__DATA FOR ANALYSIS__
○ ○ ○ ○ ○ ○ ○

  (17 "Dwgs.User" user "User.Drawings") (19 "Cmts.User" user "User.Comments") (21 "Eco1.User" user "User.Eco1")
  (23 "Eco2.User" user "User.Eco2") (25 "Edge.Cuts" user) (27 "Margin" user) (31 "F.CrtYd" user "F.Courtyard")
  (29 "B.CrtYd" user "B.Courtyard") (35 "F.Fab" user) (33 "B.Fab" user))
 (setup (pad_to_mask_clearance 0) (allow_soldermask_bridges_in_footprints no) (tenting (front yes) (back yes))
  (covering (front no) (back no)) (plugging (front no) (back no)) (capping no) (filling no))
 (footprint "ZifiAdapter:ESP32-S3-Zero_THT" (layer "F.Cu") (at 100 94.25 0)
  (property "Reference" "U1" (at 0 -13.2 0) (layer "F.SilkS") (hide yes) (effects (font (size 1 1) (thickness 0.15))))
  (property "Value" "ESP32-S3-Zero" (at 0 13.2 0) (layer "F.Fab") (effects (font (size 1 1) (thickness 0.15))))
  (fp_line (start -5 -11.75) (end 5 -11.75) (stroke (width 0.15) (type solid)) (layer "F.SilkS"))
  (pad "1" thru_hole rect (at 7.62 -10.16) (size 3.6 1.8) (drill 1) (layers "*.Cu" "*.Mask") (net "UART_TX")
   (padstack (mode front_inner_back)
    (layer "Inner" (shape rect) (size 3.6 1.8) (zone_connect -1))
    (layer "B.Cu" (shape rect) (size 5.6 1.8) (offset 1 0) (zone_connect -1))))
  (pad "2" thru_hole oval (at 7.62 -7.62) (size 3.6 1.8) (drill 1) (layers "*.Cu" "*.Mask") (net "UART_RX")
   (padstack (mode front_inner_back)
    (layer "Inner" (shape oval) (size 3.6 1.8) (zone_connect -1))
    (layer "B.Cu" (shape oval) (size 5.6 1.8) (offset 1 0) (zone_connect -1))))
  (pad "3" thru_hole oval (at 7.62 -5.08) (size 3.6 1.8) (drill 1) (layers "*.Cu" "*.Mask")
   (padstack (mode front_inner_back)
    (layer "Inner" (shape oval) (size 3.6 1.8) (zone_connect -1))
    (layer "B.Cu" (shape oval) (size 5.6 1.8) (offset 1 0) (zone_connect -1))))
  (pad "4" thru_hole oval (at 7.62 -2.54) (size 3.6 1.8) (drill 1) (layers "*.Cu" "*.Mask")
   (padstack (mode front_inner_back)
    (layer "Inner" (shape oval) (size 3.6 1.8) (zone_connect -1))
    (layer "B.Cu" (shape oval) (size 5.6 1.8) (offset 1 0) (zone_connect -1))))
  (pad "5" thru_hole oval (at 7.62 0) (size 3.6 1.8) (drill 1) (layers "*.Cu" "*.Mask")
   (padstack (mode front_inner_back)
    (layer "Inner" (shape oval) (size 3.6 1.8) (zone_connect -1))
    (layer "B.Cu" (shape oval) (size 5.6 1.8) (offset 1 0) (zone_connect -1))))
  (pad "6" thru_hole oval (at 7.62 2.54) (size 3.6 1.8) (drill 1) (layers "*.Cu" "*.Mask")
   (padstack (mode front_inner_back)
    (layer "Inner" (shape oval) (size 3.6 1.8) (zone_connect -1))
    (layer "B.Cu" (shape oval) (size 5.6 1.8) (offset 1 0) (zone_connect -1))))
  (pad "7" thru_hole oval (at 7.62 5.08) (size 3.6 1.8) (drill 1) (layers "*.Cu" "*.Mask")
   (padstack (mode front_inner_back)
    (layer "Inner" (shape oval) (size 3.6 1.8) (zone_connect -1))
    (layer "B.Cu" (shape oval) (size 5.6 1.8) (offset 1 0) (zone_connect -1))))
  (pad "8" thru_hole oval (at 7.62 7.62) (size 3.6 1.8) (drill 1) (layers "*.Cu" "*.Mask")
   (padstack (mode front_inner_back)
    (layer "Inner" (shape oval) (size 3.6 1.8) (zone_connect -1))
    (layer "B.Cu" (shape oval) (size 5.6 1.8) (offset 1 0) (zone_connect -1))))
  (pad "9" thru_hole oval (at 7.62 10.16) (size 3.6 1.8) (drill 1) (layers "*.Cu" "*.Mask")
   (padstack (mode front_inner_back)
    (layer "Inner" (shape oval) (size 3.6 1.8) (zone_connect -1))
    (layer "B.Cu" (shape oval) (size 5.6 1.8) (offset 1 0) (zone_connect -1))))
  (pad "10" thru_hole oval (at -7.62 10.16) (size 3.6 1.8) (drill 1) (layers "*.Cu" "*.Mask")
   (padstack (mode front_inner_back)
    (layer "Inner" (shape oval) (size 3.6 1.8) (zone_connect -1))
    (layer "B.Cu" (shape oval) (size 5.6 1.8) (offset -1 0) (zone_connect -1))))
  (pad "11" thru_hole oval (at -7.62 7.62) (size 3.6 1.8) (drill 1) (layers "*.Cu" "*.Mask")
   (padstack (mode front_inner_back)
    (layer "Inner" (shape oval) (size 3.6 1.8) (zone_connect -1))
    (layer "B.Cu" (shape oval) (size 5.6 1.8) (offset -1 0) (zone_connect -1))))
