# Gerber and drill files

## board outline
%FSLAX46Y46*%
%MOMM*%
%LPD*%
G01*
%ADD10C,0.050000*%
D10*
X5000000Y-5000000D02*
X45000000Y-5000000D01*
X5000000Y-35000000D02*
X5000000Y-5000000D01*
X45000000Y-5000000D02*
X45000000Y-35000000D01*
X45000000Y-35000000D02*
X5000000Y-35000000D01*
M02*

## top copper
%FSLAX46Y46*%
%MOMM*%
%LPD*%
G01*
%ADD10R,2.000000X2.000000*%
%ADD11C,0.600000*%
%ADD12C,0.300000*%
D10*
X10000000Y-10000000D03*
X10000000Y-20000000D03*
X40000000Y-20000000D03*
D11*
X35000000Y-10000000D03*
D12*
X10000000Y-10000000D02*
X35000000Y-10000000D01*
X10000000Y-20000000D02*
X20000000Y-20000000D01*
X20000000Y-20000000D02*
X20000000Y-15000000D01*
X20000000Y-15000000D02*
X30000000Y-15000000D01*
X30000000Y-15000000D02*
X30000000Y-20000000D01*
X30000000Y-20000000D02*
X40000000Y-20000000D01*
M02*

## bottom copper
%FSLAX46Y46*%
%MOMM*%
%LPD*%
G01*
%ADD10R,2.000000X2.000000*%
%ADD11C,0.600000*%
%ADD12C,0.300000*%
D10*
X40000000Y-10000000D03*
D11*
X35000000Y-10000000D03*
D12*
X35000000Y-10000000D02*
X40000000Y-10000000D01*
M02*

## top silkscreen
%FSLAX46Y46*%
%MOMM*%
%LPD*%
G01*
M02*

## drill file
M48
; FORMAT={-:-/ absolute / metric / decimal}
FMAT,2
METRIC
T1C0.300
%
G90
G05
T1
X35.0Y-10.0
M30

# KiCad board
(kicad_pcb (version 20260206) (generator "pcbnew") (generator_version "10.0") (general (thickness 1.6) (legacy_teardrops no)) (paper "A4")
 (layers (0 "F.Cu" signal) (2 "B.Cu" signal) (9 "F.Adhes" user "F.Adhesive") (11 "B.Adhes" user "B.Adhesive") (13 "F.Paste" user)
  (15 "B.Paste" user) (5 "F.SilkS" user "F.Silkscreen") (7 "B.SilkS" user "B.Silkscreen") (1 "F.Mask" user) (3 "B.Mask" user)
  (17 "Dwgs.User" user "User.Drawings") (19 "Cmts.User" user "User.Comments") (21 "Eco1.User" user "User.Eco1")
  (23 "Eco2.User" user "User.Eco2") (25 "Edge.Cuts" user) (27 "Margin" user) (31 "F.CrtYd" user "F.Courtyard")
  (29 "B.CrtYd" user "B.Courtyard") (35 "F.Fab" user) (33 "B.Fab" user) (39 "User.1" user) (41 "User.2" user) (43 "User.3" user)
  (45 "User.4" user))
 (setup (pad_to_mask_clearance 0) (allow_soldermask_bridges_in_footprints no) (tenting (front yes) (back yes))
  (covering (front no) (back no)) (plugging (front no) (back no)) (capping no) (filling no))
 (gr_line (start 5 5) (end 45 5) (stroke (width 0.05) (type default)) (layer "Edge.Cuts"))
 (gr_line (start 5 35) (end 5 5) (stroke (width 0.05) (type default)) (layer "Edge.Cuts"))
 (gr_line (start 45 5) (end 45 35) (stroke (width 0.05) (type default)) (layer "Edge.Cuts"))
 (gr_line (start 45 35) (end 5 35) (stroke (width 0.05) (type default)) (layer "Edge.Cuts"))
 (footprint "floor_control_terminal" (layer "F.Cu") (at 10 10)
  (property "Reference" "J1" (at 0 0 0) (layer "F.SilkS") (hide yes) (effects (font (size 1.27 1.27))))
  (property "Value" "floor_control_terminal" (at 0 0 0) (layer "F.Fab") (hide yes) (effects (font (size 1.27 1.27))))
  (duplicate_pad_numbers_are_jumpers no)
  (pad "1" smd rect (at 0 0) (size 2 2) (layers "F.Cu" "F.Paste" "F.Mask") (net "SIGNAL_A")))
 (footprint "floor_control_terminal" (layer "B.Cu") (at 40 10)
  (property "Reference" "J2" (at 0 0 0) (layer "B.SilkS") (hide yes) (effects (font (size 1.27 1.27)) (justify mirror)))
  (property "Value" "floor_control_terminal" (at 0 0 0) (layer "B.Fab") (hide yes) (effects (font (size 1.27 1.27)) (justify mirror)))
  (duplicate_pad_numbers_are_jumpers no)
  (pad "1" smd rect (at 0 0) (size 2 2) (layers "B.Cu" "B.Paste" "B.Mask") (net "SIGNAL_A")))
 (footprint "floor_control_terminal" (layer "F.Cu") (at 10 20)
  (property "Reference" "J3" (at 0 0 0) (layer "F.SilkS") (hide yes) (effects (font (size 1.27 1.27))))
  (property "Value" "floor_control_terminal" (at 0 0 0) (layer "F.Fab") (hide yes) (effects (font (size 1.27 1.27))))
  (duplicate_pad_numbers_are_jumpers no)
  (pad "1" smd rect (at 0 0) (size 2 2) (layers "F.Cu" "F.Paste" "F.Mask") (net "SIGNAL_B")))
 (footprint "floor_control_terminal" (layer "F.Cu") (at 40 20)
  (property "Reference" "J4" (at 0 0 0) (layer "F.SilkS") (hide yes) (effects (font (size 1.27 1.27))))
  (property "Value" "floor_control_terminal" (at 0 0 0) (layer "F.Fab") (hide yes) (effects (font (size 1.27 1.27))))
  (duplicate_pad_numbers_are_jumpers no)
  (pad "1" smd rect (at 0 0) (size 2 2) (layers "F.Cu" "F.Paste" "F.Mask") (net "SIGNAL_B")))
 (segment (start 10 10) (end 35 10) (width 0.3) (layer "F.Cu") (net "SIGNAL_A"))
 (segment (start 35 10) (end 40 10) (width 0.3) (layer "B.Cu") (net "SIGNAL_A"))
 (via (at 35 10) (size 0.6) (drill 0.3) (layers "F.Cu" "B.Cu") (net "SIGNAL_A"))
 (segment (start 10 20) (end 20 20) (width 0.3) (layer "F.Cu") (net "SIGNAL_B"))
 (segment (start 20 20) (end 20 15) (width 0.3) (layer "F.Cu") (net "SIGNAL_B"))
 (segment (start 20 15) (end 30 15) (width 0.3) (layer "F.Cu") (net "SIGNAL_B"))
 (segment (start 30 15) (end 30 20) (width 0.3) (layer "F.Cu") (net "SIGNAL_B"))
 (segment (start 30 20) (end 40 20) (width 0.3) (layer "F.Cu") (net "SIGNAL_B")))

○ ○ ○ ○ ○ ○ ○

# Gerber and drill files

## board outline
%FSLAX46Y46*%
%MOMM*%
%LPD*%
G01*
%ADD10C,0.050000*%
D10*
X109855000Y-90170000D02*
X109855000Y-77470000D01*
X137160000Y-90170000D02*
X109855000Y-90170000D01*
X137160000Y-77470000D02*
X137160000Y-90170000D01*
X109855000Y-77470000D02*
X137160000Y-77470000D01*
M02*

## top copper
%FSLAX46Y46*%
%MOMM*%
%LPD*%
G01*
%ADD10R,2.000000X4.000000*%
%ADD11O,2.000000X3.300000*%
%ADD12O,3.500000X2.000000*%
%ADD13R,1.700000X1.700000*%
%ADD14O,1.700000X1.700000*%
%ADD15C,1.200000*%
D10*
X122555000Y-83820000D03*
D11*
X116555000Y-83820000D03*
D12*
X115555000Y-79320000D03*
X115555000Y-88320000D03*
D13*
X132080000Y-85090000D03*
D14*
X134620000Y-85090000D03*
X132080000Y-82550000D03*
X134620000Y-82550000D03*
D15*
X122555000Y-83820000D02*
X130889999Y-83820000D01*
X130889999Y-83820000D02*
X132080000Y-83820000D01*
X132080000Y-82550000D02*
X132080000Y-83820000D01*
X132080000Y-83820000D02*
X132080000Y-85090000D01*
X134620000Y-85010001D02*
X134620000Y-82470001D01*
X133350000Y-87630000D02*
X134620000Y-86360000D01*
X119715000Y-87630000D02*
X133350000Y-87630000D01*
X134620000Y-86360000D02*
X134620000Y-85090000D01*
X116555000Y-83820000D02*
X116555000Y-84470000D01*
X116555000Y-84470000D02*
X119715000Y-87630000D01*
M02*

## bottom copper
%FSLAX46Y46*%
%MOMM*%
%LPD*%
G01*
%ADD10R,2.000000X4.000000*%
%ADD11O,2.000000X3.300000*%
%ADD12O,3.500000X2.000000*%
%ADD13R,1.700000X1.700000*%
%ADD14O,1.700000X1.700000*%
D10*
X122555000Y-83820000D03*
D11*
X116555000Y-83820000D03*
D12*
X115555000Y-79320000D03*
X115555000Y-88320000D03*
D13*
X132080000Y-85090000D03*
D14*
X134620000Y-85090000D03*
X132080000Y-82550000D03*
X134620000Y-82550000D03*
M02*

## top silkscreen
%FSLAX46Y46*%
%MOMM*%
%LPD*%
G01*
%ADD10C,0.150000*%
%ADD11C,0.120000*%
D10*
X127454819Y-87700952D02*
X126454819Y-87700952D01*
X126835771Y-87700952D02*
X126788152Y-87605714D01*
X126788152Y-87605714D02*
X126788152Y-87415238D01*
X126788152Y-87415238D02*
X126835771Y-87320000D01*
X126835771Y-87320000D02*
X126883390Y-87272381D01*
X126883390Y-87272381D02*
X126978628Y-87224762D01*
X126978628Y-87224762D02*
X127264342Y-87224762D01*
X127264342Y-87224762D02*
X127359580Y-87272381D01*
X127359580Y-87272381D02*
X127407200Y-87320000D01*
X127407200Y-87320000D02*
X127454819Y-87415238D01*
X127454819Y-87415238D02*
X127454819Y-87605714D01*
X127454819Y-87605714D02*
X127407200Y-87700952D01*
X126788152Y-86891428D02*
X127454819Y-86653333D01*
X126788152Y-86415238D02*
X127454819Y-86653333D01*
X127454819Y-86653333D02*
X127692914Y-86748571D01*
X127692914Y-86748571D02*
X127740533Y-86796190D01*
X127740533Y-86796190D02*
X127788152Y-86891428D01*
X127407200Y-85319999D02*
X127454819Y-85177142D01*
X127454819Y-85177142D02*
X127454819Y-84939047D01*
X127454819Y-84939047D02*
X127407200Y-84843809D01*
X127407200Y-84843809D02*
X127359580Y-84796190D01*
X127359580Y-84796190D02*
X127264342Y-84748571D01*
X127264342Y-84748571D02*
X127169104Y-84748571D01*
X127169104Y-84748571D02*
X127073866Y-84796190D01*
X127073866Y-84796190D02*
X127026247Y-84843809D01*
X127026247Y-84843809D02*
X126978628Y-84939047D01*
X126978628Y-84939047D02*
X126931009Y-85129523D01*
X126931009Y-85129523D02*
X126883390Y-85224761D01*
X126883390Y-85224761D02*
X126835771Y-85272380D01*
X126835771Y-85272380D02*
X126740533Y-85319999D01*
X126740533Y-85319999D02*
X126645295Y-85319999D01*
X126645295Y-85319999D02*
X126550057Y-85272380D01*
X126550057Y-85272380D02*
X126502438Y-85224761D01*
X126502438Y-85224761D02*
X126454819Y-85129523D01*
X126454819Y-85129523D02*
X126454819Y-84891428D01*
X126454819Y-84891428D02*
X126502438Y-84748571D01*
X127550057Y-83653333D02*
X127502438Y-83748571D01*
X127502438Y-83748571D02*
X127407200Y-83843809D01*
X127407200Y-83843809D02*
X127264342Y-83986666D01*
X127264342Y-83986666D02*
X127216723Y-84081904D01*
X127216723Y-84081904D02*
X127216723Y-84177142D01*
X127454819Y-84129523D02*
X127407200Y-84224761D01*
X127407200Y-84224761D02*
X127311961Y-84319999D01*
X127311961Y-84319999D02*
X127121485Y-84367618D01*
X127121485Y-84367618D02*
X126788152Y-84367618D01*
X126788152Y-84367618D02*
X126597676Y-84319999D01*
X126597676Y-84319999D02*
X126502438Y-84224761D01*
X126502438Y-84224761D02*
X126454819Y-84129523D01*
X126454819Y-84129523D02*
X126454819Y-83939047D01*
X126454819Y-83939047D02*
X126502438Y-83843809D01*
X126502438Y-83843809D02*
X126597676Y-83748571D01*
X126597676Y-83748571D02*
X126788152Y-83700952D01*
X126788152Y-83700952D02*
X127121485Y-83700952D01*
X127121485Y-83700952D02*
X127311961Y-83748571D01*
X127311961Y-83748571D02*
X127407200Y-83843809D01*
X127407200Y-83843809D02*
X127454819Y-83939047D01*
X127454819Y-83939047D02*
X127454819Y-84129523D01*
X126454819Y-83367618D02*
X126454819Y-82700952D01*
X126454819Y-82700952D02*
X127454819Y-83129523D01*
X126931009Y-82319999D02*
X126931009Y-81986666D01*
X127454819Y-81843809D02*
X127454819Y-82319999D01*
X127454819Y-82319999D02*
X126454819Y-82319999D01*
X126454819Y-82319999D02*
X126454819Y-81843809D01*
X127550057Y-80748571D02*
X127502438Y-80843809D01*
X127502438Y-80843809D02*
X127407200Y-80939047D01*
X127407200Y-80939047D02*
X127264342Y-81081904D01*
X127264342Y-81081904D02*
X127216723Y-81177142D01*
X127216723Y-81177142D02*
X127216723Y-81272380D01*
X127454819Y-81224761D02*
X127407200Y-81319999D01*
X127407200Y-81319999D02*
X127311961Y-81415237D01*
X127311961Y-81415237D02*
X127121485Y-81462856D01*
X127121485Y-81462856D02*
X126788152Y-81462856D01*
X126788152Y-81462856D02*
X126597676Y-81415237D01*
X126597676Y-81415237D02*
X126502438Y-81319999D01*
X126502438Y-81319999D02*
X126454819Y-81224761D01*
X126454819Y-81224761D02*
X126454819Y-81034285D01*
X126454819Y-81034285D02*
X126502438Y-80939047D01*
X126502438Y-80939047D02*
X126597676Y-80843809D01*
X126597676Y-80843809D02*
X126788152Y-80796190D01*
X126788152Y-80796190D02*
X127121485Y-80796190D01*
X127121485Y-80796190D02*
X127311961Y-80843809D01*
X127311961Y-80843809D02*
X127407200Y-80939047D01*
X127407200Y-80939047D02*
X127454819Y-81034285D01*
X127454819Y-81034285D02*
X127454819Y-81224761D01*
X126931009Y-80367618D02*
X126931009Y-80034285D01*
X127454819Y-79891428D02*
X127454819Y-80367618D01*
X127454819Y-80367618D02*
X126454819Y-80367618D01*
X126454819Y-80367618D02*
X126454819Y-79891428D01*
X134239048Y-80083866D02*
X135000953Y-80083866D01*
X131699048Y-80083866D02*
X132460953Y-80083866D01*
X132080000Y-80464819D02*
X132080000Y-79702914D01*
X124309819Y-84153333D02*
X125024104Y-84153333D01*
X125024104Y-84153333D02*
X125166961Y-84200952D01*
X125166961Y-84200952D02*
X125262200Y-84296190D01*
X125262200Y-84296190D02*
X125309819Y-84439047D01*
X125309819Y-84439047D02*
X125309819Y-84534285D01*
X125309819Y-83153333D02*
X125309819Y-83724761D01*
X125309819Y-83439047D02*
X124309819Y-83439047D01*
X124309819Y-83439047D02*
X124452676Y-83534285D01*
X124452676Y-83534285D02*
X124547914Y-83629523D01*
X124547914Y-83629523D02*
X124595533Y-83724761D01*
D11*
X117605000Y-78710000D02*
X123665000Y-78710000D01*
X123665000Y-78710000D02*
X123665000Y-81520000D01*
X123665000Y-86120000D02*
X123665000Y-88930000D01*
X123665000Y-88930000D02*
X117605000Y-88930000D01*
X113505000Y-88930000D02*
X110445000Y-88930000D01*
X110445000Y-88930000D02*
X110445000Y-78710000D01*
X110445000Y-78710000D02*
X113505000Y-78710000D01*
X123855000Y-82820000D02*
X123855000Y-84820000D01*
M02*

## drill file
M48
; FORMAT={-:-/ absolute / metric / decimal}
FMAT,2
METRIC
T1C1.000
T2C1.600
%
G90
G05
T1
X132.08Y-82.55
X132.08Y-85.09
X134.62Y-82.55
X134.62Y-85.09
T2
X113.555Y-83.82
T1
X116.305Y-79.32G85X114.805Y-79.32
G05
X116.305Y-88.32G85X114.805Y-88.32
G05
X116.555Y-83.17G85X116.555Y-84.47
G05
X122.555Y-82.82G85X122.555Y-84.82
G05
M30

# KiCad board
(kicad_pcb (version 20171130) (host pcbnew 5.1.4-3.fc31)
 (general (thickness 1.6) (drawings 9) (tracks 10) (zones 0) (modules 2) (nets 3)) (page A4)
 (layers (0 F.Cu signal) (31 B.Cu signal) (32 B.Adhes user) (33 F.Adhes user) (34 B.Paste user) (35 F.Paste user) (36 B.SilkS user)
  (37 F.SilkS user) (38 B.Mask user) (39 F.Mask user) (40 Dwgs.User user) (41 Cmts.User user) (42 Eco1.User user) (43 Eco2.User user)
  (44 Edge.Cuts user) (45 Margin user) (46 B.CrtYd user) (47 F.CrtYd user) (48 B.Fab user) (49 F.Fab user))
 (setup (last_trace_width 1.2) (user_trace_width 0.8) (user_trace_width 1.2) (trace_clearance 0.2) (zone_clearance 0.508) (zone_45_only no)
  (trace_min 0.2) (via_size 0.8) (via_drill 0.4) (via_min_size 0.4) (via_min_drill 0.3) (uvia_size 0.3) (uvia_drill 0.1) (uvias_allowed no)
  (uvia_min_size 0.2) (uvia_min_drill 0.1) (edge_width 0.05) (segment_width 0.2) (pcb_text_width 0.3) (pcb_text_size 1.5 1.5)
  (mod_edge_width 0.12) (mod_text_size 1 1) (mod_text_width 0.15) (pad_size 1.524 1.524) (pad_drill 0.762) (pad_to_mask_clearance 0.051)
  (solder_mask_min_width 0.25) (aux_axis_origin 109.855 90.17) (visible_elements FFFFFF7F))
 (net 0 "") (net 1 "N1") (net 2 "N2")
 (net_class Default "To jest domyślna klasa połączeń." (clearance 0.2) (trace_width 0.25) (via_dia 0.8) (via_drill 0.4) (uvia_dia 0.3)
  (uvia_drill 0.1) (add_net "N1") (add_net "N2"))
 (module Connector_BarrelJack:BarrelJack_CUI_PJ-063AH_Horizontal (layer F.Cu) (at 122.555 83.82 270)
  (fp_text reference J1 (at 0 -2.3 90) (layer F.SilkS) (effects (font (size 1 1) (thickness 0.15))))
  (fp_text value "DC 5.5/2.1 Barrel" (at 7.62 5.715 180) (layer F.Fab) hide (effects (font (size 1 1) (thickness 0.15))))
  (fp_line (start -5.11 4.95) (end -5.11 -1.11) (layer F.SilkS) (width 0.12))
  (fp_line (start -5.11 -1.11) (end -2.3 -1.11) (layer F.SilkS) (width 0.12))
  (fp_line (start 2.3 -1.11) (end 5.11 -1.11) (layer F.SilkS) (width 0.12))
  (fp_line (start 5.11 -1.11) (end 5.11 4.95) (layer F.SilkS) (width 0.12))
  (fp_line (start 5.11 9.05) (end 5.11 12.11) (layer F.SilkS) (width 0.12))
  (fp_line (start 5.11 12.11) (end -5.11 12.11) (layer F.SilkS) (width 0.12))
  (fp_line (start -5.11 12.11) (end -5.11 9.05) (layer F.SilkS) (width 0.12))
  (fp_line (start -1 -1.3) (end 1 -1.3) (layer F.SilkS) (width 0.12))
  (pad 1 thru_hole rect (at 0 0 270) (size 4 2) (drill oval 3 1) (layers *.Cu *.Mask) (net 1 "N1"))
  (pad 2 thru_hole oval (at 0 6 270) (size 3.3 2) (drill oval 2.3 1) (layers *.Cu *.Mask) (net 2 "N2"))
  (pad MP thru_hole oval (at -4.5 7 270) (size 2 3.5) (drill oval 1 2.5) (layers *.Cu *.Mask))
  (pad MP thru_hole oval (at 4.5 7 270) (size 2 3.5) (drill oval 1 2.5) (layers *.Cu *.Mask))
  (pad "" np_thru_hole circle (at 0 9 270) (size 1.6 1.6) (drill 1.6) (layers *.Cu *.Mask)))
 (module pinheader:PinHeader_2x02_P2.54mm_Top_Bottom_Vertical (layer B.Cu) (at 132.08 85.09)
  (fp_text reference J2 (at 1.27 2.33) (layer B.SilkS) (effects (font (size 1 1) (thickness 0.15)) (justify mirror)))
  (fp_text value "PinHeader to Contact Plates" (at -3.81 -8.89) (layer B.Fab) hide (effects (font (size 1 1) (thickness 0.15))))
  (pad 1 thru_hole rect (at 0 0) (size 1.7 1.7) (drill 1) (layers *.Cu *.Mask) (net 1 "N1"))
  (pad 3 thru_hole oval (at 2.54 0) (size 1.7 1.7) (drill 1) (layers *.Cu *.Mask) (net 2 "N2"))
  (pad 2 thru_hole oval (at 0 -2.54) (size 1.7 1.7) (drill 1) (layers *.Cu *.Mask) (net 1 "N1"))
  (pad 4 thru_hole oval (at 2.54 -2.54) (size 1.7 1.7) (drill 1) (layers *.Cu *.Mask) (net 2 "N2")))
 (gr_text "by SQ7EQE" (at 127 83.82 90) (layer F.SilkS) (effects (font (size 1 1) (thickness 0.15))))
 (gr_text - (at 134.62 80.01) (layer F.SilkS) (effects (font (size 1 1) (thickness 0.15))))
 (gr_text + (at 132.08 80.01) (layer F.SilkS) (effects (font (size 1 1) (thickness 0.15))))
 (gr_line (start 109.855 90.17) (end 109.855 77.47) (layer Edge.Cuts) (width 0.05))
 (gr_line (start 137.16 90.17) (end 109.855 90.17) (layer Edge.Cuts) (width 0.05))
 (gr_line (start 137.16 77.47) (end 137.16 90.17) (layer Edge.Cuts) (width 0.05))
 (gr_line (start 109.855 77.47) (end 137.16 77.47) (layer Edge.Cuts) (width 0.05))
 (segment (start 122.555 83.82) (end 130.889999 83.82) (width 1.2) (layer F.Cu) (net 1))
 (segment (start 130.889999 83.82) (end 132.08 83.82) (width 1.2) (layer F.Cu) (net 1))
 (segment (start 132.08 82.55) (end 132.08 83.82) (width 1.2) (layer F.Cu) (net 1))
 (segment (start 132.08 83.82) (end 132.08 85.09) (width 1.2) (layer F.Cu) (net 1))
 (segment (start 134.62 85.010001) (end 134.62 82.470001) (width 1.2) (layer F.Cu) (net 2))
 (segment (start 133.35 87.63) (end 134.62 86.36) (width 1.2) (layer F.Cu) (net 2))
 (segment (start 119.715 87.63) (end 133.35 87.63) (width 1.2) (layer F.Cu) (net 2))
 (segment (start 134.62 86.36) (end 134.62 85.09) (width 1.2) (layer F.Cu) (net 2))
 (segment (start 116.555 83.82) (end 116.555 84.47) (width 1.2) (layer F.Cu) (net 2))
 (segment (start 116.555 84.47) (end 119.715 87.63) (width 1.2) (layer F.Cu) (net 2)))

○ ○ ○ ○ ○ ○ ○

__ABOUT THIS EXERCISE__
Copy exactly the stretch of data above from the line with "X126454819Y-84891428D02*" through the line with "X127311961Y-84319999D01*", and omit all other lines.

__RESPONSE AREA__
X126454819Y-84891428D02*
X126502438Y-84748571D01*
X127550057Y-83653333D02*
X127502438Y-83748571D01*
X127502438Y-83748571D02*
X127407200Y-83843809D01*
X127407200Y-83843809D02*
X127264342Y-83986666D01*
X127264342Y-83986666D02*
X127216723Y-84081904D01*
X127216723Y-84081904D02*
X127216723Y-84177142D01*
X127454819Y-84129523D02*
X127407200Y-84224761D01*
X127407200Y-84224761D02*
X127311961Y-84319999D01*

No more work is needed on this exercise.